Dance of Fireworks: An Interactive Broadcast Gymnastics Training System Based on Pose Estimation
Haotian Chen, Ziyu Liu, Xi Cheng, Chuangqi Li
TL;DR
This work introduces Dance of Fireworks, a mobile, camera-based interactive training system that uses lightweight pose estimation (PoseNet/OpenPose) to guide office workers through radio calisthenics. By computing joint angles and comparing them to demonstrations via a cosine-similarity framework with a 3-second delay, the system provides real-time feedback and maps motion quality to fireworks-based rewards, enabling engaging, hardware-light deployment.

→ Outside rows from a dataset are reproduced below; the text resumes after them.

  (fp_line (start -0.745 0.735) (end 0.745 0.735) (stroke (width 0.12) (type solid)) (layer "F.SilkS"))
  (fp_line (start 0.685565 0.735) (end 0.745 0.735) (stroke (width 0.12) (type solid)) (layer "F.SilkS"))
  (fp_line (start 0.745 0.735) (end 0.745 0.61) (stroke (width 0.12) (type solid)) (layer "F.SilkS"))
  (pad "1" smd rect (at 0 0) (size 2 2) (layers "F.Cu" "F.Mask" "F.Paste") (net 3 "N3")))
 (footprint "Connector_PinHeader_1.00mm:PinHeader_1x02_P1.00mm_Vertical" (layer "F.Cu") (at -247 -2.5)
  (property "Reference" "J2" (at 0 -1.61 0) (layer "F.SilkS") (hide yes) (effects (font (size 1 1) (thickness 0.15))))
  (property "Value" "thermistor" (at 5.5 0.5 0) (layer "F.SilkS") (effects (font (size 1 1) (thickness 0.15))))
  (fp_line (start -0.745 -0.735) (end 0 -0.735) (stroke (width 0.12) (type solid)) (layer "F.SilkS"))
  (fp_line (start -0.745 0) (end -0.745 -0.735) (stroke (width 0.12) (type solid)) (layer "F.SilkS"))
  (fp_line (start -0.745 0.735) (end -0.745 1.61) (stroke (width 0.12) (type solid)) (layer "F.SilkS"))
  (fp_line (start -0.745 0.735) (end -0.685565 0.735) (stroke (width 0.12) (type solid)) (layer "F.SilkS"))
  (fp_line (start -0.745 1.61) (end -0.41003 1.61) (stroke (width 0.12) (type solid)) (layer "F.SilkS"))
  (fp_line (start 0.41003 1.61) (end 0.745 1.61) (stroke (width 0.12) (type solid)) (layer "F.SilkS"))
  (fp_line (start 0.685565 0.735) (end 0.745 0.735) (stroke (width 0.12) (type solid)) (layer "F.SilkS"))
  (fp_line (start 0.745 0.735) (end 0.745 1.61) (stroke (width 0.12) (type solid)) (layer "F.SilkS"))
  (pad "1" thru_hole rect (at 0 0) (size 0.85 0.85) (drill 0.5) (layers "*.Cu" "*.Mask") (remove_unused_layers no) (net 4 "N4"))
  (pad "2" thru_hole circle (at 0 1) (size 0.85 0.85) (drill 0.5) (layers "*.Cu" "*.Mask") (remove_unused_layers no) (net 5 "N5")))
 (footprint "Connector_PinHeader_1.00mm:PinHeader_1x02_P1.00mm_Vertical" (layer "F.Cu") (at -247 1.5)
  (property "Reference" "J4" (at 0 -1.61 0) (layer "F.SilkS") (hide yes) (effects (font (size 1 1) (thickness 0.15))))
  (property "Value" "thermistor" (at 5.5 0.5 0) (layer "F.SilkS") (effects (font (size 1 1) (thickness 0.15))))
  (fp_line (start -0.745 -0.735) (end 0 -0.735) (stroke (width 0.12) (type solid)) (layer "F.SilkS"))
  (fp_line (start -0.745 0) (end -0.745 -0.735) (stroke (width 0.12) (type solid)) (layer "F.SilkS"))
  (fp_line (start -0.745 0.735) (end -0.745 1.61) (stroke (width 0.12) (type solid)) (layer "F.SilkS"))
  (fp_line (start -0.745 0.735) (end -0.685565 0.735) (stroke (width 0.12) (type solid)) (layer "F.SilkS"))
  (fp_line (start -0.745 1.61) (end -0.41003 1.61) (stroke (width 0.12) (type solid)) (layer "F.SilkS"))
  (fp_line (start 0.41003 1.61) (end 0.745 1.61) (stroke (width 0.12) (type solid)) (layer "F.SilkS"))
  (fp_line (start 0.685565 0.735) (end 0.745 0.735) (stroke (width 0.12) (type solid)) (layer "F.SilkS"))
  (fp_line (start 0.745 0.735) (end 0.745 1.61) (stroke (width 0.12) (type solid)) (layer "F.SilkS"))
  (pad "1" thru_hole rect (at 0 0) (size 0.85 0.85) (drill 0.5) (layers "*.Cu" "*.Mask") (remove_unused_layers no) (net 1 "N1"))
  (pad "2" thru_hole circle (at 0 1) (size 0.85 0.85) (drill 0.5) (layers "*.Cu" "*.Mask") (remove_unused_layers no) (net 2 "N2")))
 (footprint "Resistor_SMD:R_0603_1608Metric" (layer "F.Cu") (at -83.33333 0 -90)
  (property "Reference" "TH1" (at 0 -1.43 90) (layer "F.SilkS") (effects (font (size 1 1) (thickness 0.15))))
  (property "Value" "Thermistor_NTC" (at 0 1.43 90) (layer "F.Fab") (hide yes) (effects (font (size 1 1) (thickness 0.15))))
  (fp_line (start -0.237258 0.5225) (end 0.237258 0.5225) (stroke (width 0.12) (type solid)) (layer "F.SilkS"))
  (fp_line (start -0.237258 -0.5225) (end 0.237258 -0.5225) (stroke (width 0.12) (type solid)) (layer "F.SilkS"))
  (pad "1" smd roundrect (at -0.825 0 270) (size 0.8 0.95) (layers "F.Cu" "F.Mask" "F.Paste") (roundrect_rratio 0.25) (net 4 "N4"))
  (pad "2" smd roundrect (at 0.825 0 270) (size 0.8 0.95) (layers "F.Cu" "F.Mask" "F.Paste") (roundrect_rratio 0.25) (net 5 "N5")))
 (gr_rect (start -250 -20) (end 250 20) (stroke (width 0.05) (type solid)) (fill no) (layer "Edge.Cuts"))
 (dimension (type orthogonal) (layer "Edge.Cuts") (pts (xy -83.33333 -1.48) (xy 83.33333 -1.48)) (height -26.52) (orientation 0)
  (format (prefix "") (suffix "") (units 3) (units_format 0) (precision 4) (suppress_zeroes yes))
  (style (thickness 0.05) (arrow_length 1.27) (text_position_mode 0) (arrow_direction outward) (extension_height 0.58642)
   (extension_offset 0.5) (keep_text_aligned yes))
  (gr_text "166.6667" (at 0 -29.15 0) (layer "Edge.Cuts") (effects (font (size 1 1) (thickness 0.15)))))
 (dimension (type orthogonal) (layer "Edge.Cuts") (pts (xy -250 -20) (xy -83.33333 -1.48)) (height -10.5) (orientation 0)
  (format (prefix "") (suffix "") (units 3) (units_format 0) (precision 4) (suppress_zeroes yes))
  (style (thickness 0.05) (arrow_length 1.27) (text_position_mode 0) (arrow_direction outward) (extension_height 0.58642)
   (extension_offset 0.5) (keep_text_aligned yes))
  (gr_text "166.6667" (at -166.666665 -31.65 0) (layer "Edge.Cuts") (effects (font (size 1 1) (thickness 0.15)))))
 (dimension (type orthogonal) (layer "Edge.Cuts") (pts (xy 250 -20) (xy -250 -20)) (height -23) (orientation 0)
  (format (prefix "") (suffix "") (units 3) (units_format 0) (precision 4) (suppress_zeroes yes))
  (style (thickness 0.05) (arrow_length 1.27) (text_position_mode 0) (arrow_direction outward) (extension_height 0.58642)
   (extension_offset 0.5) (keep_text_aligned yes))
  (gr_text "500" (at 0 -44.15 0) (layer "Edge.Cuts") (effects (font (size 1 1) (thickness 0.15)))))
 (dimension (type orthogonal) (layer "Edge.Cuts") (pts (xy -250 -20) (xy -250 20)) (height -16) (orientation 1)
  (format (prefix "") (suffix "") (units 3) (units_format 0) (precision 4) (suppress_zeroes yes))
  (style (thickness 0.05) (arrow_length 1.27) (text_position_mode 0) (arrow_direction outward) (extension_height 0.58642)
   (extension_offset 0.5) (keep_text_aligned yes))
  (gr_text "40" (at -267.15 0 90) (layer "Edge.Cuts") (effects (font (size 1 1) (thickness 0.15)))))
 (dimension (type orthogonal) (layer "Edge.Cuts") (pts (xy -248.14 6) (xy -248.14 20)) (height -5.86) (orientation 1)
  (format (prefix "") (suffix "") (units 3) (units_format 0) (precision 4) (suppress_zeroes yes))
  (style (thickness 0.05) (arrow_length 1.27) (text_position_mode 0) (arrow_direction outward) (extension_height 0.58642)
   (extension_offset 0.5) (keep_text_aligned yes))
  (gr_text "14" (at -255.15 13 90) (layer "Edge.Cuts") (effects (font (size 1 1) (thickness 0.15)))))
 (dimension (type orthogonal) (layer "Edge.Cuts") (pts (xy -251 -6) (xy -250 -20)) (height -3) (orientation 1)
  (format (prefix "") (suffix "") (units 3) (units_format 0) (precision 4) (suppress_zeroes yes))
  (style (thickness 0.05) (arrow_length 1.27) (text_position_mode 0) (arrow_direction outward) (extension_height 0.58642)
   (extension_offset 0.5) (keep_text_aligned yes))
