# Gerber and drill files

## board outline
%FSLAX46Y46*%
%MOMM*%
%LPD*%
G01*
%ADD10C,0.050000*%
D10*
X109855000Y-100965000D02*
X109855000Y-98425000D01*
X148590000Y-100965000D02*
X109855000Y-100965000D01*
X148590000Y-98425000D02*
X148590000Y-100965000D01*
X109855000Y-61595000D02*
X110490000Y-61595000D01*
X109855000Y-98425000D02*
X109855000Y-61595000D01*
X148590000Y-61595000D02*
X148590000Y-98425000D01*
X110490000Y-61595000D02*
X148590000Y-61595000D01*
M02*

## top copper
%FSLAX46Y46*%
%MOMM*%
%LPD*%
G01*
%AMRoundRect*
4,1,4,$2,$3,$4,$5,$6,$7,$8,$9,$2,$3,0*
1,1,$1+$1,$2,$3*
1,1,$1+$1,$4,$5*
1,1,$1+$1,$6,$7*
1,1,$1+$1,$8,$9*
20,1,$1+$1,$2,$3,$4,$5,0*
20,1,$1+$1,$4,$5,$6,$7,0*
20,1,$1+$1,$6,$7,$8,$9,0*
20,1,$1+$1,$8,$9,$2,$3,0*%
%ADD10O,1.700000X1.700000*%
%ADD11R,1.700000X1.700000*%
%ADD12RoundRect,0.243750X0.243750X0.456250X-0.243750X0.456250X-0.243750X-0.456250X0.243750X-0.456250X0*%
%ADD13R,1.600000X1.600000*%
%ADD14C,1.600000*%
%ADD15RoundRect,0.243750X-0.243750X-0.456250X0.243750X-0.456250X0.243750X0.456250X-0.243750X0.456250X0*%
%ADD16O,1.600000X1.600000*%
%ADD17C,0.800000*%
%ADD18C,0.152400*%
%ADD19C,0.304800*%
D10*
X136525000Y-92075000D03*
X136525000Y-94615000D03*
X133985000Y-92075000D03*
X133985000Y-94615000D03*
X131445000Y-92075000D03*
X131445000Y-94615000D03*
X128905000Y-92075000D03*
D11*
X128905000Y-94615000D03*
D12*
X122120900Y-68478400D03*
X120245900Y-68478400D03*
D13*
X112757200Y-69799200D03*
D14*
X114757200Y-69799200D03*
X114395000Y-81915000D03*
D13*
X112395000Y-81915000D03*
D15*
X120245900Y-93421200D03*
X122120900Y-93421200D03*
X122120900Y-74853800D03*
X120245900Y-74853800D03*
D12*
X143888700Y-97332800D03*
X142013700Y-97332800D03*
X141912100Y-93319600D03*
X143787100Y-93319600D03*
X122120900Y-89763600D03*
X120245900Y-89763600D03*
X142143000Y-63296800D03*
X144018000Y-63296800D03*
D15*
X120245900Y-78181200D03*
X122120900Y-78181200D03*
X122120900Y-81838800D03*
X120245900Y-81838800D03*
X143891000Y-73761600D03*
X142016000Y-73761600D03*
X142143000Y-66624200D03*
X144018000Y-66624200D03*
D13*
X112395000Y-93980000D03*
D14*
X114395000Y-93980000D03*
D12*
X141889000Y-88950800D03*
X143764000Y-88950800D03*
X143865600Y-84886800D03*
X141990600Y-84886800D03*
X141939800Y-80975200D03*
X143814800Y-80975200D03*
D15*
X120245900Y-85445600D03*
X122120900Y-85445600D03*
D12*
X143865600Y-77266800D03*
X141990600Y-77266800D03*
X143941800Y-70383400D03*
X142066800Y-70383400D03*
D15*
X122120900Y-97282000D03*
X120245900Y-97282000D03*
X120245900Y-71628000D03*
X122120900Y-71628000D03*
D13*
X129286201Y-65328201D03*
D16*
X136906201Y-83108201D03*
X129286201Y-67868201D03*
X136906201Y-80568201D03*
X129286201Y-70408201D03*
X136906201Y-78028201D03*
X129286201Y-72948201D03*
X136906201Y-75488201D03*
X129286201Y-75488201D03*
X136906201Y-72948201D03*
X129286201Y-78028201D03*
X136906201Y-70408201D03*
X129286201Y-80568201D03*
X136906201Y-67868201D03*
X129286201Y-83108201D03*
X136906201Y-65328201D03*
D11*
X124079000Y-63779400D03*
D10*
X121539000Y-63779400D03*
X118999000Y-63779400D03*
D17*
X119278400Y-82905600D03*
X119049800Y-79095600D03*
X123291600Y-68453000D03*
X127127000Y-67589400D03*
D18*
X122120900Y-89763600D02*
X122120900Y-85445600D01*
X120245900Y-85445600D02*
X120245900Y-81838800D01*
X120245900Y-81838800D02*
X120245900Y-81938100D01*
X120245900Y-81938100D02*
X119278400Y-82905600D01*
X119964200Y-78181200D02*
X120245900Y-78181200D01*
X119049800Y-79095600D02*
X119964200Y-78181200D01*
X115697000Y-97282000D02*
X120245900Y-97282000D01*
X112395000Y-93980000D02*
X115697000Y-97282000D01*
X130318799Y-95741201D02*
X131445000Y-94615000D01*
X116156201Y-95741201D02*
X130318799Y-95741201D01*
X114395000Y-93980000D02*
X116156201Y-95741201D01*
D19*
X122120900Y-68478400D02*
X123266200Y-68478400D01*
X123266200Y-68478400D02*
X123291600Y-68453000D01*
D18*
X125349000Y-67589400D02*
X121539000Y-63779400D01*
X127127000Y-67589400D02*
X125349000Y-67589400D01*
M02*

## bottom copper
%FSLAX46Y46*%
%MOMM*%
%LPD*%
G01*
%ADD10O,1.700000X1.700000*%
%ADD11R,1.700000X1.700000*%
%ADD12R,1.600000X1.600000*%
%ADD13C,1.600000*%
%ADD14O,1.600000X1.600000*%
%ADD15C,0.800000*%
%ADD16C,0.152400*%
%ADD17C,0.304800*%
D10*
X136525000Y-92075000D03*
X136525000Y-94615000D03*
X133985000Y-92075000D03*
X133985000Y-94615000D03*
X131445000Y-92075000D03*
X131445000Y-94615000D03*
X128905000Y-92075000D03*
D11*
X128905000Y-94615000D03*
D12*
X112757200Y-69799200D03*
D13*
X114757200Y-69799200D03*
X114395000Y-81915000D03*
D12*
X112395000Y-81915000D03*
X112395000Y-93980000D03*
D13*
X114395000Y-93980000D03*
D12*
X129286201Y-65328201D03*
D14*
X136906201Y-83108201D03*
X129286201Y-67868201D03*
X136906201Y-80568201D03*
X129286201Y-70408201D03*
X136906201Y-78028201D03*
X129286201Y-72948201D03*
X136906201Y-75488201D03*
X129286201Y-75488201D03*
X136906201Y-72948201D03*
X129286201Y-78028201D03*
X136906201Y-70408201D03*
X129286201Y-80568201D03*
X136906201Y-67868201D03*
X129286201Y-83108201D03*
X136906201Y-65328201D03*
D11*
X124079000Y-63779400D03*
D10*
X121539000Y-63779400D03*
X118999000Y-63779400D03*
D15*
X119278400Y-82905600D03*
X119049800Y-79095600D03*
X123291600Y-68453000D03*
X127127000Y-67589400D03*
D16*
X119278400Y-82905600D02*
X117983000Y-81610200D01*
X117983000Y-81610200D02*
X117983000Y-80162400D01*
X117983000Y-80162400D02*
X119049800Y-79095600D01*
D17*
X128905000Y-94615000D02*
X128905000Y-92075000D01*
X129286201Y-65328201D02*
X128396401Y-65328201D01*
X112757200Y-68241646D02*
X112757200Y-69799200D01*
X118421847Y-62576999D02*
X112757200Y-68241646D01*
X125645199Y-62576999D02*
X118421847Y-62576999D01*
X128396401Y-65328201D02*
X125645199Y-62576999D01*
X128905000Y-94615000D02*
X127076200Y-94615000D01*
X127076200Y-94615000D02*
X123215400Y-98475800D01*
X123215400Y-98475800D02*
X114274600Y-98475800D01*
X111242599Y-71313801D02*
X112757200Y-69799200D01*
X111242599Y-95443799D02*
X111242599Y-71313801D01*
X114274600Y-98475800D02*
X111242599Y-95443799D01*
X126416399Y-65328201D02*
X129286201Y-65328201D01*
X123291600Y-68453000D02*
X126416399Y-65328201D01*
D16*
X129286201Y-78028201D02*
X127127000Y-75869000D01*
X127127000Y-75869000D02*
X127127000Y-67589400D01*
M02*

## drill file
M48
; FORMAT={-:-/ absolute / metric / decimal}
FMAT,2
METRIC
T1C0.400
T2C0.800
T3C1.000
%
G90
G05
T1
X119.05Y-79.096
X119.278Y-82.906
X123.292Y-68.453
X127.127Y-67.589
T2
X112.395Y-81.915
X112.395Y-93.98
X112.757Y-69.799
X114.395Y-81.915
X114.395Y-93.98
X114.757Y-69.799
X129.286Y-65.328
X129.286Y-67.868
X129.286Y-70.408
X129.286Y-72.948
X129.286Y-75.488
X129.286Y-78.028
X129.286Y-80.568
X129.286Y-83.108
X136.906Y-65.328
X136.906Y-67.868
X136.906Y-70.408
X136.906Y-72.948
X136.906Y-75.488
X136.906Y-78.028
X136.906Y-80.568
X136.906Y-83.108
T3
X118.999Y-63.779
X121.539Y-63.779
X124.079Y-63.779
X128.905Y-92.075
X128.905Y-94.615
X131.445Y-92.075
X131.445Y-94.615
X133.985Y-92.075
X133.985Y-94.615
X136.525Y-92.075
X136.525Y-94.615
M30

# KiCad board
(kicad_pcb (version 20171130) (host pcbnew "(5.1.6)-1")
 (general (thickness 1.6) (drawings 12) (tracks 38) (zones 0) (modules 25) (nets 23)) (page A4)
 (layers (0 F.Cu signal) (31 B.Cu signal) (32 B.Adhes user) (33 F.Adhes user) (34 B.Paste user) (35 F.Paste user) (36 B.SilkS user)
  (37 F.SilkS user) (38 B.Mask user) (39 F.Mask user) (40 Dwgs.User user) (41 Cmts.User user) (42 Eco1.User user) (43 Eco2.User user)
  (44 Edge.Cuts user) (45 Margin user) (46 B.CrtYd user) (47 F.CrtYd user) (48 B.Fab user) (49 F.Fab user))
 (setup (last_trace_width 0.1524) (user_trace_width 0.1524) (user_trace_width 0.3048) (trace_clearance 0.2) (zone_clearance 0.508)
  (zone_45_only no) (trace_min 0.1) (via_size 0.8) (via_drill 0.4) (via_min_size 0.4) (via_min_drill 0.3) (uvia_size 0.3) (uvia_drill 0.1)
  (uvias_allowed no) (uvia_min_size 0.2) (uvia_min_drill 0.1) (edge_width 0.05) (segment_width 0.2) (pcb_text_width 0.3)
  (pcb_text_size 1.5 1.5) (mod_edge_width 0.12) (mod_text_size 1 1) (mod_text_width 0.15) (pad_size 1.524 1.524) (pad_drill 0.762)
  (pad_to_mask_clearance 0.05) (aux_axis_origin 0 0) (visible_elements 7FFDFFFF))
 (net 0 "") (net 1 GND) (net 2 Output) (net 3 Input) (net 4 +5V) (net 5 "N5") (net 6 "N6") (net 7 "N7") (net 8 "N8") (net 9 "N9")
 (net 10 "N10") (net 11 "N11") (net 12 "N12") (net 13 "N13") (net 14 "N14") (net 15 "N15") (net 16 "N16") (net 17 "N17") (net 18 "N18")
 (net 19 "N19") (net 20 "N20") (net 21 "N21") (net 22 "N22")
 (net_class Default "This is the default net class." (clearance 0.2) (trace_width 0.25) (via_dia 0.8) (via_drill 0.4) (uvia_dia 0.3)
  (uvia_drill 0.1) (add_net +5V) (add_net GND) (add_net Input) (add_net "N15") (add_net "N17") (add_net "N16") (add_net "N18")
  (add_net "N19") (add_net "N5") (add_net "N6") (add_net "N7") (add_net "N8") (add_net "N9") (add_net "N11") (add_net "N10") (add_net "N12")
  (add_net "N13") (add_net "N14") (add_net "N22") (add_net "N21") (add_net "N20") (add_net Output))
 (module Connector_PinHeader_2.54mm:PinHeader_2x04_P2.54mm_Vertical (layer F.Cu) (at 128.905 94.615 90)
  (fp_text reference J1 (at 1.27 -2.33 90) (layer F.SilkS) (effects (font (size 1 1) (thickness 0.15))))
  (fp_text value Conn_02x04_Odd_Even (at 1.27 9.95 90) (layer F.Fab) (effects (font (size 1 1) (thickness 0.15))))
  (pad 8 thru_hole oval (at 2.54 7.62 90) (size 1.7 1.7) (drill 1) (layers *.Cu *.Mask) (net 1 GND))
  (pad 7 thru_hole oval (at 0 7.62 90) (size 1.7 1.7) (drill 1) (layers *.Cu *.Mask) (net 1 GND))
  (pad 6 thru_hole oval (at 2.54 5.08 90) (size 1.7 1.7) (drill 1) (layers *.Cu *.Mask) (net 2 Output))
  (pad 5 thru_hole oval (at 0 5.08 90) (size 1.7 1.7) (drill 1) (layers *.Cu *.Mask) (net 2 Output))
  (pad 4 thru_hole oval (at 2.54 2.54 90) (size 1.7 1.7) (drill 1) (layers *.Cu *.Mask) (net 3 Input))
  (pad 3 thru_hole oval (at 0 2.54 90) (size 1.7 1.7) (drill 1) (layers *.Cu *.Mask) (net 3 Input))
  (pad 2 thru_hole oval (at 2.54 0 90) (size 1.7 1.7) (drill 1) (layers *.Cu *.Mask) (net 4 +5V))
  (pad 1 thru_hole rect (at 0 0 90) (size 1.7 1.7) (drill 1) (layers *.Cu *.Mask) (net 4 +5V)))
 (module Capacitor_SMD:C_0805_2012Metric (layer F.Cu) (at 121.1834 68.4784 180)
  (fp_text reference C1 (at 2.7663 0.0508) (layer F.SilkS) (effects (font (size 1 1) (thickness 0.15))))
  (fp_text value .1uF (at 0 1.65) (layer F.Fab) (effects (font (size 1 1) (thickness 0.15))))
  (pad 1 smd roundrect (at -0.9375 0 180) (size 0.975 1.4) (layers F.Cu F.Paste F.Mask) (roundrect_rratio 0.25) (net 4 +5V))
  (pad 2 smd roundrect (at 0.9375 0 180) (size 0.975 1.4) (layers F.Cu F.Paste F.Mask) (roundrect_rratio 0.25) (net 1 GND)))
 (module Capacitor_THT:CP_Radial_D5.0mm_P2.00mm (layer F.Cu) (at 112.7572 69.7992)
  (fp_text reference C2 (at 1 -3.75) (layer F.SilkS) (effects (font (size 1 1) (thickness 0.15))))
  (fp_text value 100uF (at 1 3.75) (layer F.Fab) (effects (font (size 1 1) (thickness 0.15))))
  (pad 1 thru_hole rect (at 0 0) (size 1.6 1.6) (drill 0.8) (layers *.Cu *.Mask) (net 4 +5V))
  (pad 2 thru_hole circle (at 2 0) (size 1.6 1.6) (drill 0.8) (layers *.Cu *.Mask) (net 1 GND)))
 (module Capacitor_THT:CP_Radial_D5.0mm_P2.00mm (layer F.Cu) (at 112.395 81.915)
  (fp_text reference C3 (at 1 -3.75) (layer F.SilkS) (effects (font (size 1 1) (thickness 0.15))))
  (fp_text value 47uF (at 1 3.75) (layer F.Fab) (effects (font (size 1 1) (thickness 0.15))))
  (pad 2 thru_hole circle (at 2 0) (size 1.6 1.6) (drill 0.8) (layers *.Cu *.Mask) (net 1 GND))
  (pad 1 thru_hole rect (at 0 0) (size 1.6 1.6) (drill 0.8) (layers *.Cu *.Mask) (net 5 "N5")))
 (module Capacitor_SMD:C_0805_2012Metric (layer F.Cu) (at 121.1834 93.4212)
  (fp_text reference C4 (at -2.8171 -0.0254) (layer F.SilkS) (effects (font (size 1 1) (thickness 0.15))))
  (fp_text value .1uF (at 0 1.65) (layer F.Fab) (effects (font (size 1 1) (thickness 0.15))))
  (pad 1 smd roundrect (at -0.9375 0) (size 0.975 1.4) (layers F.Cu F.Paste F.Mask) (roundrect_rratio 0.25) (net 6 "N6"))
  (pad 2 smd roundrect (at 0.9375 0) (size 0.975 1.4) (layers F.Cu F.Paste F.Mask) (roundrect_rratio 0.25) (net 1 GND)))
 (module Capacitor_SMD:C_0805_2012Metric (layer F.Cu) (at 121.1834 74.8538)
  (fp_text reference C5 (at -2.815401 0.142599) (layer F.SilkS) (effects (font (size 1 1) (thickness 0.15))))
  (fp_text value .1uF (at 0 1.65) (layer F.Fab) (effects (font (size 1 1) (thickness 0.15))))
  (pad 2 smd roundrect (at 0.9375 0) (size 0.975 1.4) (layers F.Cu F.Paste F.Mask) (roundrect_rratio 0.25) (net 1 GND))
  (pad 1 smd roundrect (at -0.9375 0) (size 0.975 1.4) (layers F.Cu F.Paste F.Mask) (roundrect_rratio 0.25) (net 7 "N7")))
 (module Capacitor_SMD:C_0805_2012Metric (layer F.Cu) (at 142.9512 97.3328 180)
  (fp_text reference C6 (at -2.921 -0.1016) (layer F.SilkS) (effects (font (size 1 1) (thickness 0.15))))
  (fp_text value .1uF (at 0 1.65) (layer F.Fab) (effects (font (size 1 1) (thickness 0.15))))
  (pad 1 smd roundrect (at -0.9375 0 180) (size 0.975 1.4) (layers F.Cu F.Paste F.Mask) (roundrect_rratio 0.25) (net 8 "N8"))
  (pad 2 smd roundrect (at 0.9375 0 180) (size 0.975 1.4) (layers F.Cu F.Paste F.Mask) (roundrect_rratio 0.25) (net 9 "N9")))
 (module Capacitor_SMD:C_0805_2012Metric (layer F.Cu) (at 142.8496 93.3196 180)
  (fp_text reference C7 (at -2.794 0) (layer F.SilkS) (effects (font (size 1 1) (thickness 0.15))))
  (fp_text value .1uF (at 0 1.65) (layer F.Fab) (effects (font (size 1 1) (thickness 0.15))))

In a study with 136 participants, the approach achieved a significant reduction in average joint-angle error from $21.3^ ext{°}$ to $9.8^ ext{°}$ ($p<0.01$) over four sessions and received strong user endorsement for both exercise promotion and entertainment value. The work demonstrates a cost-effective, scalable solution for reducing sedentary risk in office environments and outlines future enhancements including improved pose accuracy, lower latency, multiplayer features, music synchronization, and 3D pose capabilities.
Abstract
This study introduces Dance of Fireworks, an interactive system designed to combat sedentary health risks by enhancing engagement in radio calisthenics. Leveraging mobile device cameras and lightweight pose estimation (PoseNet/TensorFlow Lite), the system extracts body keypoints, computes joint angles, and compares them with standardized motions to deliver real-time corrective feedback. To incentivize participation, it dynamically maps users' movements (such as joint angles and velocity) to customizable fireworks animations, rewarding improved accuracy with richer visual effects. Experiments involving 136 participants demonstrated a significant reduction in average joint angle errors from 21.3 degrees to 9.8 degrees (p < 0.01) over four sessions, with 93.4 percent of users affirming its exercise-promoting efficacy and 85.4 percent praising its entertainment value. The system operates without predefined motion templates or specialised hardware, enabling seamless integration into office environments. Future enhancements will focus on improving pose recognition accuracy, reducing latency, and adding features such as multiplayer interaction and music synchronisation. This work presents a cost-effective, engaging solution to promote physical activity in sedentary populations.